Die Hauptpersonen des Romans:
     
    Roi Danton - Perry Rhodans Sohn wird Weltraumpirat.  
    Cebu Jandavari - Eine Friedensstifterin soll überlistet werden.  
    Martin Kinnor - Navigator der MONTEGO BAY.  
    Goosfor Larenga - Ein eigenartiger Arkonide.  
    Paylaczer - Ein skrupelloser Pariczaner  
    1.
     
    Taran Duschinski fluchte gepreßt, als die Zentrale der KANOPIS plötzlich vom Schrillen der Alarmsirenen erfüllt war. Er reagierte mit einer Verzögerung von wenigen Sekunden, denn dieser Alarm war der erste, den er erlebte. Der erste echte. Zwar wurden die Offiziere der Hanse-Schiffe auch für solche Fälle ausgebildet, aber theoretisches Wissen war nicht zu vergleichen mit praktischer Erfahrung.
    Die geringe Verzögerung genügte dem Gegner, der aus dem Ortungsschatten des Pulsars Ponos aufgetaucht war. Er feuerte einen Transformschuß vor den Bug des Handelsschiffs. Es handelte sich um ein Geschoß von verhältnismäßig kleinem Energiekaliber, und es explodierte weit genug vor der KANOPIS, um ihr keinen Schaden zuzufügen. Doch die Warnung war eindeutig.
    Kapitän Duschinski begriff, daß sein Schiff Opfer eines Piratenakts geworden war. Er ließ die Paratronschirme aufbauen und die Leistung des Metagravs erhöhen, aber das änderte nichts an den Tatsachen.
    Sie wurden ihm spätestens dann bewußt, als ein Hyperkomspruch einging, der ihn zur Kapitulation aufforderte und mit dem sich die Piraten als die MONTEGO BAY unter dem Kommando von Roi Danton zu erkennen gaben.
    Der Kapitän fühlte die Blicke seiner Leute in der Zentrale auf sich gerichtet. Er wußte, was die Frauen und Männer von ihm erwarteten, daß er der Aufforderung folgte. Resigniert senkte er den Kopf. Es widerstrebte ihm, klein beizugeben. Er war kein Feigling, sondern eine ausgesprochene Kämpfernatur.

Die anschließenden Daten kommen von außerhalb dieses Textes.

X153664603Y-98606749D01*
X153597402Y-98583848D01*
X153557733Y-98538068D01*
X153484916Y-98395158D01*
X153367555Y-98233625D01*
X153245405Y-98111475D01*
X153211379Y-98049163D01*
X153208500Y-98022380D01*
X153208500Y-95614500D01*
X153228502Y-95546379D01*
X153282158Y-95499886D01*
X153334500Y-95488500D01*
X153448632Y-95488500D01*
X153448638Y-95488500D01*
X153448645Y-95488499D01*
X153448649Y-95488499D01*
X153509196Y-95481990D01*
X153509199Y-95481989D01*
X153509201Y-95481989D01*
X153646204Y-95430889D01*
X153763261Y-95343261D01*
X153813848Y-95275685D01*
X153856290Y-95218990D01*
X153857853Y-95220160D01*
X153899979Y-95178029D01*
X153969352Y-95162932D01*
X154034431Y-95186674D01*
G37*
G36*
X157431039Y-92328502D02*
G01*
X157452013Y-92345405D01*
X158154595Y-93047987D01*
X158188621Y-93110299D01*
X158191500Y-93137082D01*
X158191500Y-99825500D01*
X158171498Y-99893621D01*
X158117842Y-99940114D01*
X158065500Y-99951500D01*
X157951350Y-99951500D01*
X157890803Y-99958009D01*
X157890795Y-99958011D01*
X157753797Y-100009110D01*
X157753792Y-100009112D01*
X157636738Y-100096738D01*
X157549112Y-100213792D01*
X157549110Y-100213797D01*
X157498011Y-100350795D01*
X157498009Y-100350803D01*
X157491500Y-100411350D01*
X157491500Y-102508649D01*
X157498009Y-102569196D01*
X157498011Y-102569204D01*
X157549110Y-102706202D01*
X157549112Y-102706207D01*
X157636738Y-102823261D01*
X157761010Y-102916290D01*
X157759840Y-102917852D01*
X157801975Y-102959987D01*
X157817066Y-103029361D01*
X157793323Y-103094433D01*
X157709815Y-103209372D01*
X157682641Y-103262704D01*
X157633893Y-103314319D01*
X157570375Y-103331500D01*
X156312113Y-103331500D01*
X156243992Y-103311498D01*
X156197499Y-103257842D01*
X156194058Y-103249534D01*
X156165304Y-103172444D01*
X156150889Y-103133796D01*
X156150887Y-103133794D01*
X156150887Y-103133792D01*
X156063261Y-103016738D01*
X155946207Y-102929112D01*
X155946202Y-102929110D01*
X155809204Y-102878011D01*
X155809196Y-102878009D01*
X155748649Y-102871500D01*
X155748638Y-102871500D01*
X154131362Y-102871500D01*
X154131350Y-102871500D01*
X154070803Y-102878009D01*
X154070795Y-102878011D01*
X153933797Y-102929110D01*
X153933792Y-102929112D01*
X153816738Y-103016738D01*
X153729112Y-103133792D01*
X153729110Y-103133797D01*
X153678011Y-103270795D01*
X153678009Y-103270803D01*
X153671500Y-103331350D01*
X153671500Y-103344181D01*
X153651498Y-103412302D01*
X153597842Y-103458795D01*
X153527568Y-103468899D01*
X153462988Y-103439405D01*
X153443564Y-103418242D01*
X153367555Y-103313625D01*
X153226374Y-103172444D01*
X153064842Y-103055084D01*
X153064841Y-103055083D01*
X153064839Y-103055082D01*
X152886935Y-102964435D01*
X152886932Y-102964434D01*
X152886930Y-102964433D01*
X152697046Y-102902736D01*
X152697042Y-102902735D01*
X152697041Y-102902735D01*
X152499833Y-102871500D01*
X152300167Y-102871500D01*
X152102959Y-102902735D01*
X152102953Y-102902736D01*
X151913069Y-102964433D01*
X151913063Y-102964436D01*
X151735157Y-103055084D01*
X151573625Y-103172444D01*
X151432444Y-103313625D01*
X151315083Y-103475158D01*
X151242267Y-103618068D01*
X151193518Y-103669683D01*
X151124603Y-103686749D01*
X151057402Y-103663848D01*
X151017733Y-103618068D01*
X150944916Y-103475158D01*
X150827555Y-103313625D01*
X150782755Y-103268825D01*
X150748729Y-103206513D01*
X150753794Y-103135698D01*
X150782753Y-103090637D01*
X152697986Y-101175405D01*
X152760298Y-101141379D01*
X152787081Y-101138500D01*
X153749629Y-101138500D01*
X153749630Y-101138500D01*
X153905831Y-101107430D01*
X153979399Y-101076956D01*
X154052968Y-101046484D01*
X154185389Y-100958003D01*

    Andernfalls hätte er es niemals geschafft, innerhalb von nur neun Jahren von einem unbedeutenden Techniker der rückständigen Siedlungswelt Orgeness über Fernlehrgänge zum Studium der Raumfahrtwissenschaft zugelassen zu werden und sich nach kurzem Praktikum vom Offiziersanwärter zum Kapitän eines Hanse-Frachters hochzuarbeiten.

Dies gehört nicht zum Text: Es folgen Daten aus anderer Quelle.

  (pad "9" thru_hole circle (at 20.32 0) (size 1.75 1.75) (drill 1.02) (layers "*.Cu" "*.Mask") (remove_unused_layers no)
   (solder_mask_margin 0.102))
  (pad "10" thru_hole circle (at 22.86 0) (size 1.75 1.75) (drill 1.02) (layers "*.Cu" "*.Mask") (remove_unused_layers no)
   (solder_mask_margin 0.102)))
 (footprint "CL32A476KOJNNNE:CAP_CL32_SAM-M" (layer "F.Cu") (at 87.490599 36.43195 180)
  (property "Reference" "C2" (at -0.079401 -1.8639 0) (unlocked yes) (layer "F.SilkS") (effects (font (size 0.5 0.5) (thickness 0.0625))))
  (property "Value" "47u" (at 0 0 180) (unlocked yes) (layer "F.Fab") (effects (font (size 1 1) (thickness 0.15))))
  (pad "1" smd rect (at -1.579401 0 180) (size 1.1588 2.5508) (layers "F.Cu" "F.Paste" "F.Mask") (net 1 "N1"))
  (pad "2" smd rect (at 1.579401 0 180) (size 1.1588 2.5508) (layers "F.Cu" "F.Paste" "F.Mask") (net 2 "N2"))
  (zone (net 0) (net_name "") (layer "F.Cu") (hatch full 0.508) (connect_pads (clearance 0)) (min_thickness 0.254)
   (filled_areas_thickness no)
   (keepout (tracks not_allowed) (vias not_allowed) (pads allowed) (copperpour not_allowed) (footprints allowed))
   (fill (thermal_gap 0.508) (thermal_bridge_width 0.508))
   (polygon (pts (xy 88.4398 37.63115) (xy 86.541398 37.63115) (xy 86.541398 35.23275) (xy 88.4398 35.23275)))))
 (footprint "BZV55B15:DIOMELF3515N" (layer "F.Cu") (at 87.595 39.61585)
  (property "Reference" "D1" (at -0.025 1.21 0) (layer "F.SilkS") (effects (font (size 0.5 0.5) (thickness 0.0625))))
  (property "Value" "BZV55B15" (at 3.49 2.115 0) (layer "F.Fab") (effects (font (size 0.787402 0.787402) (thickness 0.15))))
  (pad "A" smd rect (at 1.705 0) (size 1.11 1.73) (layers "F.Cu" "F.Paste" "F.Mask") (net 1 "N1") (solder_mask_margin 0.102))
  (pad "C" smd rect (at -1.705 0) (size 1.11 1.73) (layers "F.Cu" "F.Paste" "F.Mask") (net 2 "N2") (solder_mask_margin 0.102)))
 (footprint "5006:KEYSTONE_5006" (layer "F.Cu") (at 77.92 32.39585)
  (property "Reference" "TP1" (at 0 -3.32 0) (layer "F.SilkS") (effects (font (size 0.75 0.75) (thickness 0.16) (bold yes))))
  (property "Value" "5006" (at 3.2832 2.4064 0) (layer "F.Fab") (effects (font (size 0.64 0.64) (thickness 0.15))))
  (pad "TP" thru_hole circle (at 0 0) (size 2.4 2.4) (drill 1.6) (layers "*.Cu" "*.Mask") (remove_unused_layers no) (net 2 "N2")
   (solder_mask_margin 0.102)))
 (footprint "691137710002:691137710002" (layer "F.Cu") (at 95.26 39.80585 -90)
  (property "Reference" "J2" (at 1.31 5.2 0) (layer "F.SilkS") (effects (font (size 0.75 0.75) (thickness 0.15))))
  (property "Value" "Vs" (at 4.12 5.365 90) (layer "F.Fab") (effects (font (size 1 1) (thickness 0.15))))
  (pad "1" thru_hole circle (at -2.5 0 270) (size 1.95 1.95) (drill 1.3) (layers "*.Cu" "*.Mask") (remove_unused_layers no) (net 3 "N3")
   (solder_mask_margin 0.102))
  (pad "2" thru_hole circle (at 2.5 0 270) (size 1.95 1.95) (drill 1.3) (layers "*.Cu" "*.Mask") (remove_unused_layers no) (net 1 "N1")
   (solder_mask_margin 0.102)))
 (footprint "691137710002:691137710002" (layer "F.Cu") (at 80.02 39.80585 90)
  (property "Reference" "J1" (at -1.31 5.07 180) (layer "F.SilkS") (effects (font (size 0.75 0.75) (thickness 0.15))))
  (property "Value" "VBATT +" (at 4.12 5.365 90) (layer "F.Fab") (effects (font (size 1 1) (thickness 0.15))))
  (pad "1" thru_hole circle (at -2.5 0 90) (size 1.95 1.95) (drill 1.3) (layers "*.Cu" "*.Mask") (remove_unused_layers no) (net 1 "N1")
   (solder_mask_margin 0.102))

    Doch in diesem Fall mußte er klein beigeben, um seiner Verantwortung für Schiff und Besatzung gerecht zu werden. Zumal er darüber informiert war, daß Roi Dantons Freibeuter ihre Opfer zwar ausraubten, aber deren Leben schonten.
    Auf einen Wink von ihm schaltete der Funker die Hyperkomverbindung mit der MONTEGO BAY auf sein Kontrollpult.
    Ein Holo baute sich so blitzschnell auf, daß es wie Zauberei wirkte.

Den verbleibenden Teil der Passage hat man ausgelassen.